Collected data
__________

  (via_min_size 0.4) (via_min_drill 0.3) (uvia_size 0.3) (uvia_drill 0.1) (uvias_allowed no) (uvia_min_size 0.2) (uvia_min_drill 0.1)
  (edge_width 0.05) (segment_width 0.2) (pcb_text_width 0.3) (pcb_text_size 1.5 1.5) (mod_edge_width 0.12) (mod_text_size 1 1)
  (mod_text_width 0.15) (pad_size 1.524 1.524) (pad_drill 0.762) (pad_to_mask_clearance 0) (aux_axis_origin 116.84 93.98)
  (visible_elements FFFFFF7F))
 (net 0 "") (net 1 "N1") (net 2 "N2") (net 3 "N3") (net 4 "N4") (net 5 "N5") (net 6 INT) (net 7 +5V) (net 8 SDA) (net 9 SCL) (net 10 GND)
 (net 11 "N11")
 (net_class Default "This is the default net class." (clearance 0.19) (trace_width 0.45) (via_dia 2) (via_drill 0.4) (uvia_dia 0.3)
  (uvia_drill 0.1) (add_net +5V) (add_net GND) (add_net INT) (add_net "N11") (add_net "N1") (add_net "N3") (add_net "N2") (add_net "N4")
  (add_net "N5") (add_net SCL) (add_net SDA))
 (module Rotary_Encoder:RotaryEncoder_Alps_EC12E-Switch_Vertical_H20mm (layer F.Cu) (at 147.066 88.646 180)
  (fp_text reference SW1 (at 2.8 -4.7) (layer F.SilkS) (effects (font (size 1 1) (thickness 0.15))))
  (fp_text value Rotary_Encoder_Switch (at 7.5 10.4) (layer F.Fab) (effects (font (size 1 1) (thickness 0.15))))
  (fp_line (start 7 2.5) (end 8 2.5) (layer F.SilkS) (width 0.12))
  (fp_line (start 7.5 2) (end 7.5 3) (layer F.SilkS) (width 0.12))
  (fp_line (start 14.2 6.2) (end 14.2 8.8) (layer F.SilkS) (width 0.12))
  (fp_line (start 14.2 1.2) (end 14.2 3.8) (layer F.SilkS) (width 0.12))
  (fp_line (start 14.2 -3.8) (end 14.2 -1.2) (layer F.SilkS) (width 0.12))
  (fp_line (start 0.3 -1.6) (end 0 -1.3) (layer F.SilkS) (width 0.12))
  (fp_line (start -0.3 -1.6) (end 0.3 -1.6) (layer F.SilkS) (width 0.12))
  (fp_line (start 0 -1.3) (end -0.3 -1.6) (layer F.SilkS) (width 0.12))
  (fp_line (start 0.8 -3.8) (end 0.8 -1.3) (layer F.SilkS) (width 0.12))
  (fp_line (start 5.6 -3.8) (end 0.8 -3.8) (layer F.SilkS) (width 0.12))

__________

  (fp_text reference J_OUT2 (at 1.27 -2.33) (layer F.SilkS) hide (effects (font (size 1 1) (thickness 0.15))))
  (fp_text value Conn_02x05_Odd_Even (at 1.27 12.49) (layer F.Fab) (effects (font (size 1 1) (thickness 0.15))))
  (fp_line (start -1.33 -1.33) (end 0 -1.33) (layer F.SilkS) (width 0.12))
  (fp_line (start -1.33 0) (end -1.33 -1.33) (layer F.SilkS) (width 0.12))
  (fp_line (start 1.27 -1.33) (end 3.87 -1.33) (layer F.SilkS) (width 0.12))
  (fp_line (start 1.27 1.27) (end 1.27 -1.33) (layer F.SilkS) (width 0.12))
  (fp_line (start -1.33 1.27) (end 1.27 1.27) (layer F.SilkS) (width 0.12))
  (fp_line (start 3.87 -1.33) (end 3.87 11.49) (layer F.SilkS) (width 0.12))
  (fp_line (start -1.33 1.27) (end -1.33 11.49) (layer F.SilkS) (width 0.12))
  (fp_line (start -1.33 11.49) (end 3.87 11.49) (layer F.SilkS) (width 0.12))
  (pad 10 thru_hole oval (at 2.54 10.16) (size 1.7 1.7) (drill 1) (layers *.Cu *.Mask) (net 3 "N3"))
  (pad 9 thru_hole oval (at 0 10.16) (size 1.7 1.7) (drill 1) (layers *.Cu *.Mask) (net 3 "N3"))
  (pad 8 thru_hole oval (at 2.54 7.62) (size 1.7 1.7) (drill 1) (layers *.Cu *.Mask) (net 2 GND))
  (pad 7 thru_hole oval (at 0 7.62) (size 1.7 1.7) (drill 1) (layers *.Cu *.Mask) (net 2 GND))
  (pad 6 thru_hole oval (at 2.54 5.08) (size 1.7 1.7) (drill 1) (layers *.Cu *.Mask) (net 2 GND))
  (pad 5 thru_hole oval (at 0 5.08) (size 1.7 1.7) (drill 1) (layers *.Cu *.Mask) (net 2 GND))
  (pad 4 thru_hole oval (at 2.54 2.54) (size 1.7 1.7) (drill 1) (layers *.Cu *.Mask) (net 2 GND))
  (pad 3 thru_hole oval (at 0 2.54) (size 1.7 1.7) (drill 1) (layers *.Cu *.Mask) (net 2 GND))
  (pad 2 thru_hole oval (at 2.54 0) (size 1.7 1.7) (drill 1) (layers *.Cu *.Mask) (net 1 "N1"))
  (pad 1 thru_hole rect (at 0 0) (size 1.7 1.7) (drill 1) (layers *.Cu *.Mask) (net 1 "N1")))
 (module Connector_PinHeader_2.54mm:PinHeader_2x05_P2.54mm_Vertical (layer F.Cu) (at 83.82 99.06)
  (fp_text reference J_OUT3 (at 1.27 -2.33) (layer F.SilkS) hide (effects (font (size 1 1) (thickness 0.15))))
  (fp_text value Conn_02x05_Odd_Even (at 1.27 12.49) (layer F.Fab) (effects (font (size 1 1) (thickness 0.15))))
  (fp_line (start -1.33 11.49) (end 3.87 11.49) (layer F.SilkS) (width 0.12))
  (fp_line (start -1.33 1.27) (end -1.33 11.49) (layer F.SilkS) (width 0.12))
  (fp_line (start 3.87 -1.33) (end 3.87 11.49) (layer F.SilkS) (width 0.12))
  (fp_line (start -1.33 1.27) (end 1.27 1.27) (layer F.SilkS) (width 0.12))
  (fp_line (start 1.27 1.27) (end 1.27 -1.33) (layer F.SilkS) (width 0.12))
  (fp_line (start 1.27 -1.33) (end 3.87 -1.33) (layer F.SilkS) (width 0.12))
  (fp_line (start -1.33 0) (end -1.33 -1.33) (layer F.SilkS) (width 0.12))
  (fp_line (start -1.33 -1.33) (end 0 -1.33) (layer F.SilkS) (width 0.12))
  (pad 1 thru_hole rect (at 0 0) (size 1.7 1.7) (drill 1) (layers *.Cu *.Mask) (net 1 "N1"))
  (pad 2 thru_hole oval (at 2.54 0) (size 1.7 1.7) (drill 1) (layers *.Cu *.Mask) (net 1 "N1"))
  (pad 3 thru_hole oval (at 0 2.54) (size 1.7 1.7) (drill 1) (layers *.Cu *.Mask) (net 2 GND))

__________

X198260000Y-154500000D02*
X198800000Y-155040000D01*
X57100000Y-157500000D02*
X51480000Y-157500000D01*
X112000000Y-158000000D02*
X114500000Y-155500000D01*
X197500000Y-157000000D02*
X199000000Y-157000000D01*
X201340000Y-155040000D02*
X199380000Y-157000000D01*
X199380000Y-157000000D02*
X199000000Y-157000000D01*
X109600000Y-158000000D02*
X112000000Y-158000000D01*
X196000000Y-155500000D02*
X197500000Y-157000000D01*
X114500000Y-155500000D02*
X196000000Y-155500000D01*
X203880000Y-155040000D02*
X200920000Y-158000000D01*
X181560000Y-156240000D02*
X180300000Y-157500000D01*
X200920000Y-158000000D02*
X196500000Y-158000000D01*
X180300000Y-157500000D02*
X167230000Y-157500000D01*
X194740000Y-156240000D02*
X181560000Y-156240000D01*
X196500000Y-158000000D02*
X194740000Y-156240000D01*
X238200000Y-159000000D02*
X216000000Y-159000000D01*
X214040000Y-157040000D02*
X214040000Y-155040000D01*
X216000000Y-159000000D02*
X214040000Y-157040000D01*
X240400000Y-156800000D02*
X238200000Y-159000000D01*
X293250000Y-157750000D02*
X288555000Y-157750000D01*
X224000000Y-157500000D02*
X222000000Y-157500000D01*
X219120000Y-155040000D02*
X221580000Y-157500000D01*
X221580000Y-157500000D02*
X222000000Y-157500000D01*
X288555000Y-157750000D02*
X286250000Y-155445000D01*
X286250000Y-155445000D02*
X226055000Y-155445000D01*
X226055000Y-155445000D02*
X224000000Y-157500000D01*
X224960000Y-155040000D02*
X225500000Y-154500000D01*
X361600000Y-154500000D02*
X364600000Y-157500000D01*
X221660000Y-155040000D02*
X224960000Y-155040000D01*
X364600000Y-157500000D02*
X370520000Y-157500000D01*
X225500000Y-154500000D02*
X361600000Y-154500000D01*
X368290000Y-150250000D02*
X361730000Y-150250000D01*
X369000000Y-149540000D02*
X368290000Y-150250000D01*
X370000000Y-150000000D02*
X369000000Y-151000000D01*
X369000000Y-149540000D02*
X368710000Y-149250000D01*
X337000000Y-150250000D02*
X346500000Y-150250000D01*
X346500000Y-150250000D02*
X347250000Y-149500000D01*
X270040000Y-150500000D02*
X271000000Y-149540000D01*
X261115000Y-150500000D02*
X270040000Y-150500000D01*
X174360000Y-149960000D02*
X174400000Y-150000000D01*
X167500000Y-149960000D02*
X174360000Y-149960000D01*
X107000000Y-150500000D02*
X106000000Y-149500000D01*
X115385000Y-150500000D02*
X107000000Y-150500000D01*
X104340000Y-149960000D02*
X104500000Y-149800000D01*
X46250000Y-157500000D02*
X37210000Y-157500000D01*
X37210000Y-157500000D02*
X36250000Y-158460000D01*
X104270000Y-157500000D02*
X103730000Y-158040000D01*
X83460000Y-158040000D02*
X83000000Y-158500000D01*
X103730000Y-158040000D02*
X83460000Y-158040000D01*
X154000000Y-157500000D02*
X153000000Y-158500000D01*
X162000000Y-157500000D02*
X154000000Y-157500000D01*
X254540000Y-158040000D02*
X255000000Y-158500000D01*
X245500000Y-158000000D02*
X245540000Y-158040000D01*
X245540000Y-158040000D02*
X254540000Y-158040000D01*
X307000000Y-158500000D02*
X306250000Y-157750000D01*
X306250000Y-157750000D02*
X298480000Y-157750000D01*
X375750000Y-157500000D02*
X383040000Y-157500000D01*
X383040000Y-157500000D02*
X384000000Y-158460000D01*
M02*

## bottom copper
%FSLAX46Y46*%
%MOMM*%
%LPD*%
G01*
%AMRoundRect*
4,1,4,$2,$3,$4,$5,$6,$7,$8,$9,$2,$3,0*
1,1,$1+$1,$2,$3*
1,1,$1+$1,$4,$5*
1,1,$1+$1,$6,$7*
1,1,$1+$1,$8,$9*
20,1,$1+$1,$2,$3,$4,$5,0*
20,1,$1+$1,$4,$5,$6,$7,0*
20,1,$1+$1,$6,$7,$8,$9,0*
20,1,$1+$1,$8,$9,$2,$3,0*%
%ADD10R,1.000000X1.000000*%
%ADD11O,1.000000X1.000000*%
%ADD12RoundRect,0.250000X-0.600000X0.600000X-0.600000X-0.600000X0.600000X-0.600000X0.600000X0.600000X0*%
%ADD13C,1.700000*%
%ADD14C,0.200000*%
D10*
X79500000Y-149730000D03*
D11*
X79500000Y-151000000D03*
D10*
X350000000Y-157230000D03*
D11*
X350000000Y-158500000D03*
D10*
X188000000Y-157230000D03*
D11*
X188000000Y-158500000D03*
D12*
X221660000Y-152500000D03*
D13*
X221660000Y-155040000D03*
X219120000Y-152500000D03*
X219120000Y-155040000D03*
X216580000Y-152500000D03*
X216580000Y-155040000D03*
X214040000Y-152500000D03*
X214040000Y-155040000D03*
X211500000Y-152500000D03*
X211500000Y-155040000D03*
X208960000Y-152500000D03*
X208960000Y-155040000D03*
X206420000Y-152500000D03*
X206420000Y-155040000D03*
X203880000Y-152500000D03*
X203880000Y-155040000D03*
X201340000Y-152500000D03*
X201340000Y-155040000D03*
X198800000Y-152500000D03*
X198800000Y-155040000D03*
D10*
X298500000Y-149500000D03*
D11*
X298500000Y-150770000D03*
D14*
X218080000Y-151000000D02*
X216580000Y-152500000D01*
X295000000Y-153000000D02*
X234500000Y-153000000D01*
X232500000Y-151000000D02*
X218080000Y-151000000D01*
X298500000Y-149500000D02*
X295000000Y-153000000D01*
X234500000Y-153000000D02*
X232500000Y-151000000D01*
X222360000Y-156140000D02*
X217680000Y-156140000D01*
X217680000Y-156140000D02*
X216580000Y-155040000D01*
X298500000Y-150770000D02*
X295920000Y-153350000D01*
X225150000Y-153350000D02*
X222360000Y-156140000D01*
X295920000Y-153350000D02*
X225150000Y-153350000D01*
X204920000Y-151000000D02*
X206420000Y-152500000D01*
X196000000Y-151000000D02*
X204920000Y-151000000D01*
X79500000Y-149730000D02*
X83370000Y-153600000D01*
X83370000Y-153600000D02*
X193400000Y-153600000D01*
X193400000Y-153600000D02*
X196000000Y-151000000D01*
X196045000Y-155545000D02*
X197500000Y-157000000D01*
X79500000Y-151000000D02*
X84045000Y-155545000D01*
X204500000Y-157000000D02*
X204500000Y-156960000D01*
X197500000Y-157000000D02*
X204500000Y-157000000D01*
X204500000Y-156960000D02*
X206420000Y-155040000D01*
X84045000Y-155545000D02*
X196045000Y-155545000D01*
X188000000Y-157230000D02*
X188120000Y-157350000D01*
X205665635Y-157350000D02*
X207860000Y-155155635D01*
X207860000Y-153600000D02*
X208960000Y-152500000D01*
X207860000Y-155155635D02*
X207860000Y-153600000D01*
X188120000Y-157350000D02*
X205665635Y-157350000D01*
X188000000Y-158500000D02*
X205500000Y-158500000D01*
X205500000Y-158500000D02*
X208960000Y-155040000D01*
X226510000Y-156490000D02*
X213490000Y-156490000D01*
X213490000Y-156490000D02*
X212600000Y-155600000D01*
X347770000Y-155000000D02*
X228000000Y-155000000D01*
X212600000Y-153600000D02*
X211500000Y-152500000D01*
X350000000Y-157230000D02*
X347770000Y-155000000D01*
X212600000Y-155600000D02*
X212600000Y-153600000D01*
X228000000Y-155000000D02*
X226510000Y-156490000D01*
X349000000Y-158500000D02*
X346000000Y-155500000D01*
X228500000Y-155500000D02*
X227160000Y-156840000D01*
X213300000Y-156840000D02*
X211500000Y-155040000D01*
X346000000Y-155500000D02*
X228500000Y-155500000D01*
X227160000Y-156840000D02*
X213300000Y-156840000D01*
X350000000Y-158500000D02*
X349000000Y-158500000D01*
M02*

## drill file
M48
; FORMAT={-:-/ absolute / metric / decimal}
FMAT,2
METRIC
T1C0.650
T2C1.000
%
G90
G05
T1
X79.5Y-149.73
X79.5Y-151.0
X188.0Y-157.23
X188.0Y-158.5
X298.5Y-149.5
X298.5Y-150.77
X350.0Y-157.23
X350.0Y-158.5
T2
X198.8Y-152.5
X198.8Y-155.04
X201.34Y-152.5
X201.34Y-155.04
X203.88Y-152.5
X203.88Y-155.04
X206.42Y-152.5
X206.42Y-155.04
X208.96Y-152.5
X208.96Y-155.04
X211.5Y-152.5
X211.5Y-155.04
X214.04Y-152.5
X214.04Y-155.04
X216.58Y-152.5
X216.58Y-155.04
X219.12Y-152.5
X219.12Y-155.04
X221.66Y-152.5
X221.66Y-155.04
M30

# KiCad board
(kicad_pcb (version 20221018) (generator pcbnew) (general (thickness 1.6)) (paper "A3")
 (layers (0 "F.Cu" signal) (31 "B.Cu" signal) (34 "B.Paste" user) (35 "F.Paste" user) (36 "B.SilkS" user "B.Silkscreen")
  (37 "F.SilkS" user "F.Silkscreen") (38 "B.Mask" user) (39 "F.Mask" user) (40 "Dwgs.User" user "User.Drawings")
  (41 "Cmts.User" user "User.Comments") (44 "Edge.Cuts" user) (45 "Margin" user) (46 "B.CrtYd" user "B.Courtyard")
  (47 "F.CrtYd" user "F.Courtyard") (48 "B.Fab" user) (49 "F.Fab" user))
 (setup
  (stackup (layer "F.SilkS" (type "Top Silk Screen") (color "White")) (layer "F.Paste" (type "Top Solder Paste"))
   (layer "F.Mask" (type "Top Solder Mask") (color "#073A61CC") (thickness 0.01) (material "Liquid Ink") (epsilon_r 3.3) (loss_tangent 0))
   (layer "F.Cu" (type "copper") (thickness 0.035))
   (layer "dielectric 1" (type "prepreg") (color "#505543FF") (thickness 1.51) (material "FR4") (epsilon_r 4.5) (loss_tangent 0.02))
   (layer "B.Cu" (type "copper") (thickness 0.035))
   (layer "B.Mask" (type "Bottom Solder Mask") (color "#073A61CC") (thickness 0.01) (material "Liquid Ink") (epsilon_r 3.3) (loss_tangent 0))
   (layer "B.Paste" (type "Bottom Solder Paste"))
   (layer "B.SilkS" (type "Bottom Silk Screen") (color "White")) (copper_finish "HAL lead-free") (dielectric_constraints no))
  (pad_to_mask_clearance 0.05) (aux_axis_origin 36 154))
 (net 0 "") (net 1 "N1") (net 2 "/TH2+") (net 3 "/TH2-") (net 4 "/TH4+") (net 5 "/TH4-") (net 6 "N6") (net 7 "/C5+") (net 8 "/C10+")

__________

How to complete this task:
Each line of the records that holds the word "Silkscreen" should be copied out.

Solution to the problem:
 (layers (0 "F.Cu" signal) (31 "B.Cu" signal) (34 "B.Paste" user) (35 "F.Paste" user) (36 "B.SilkS" user "B.Silkscreen")
  (37 "F.SilkS" user "F.Silkscreen") (38 "B.Mask" user) (39 "F.Mask" user) (40 "Dwgs.User" user "User.Drawings")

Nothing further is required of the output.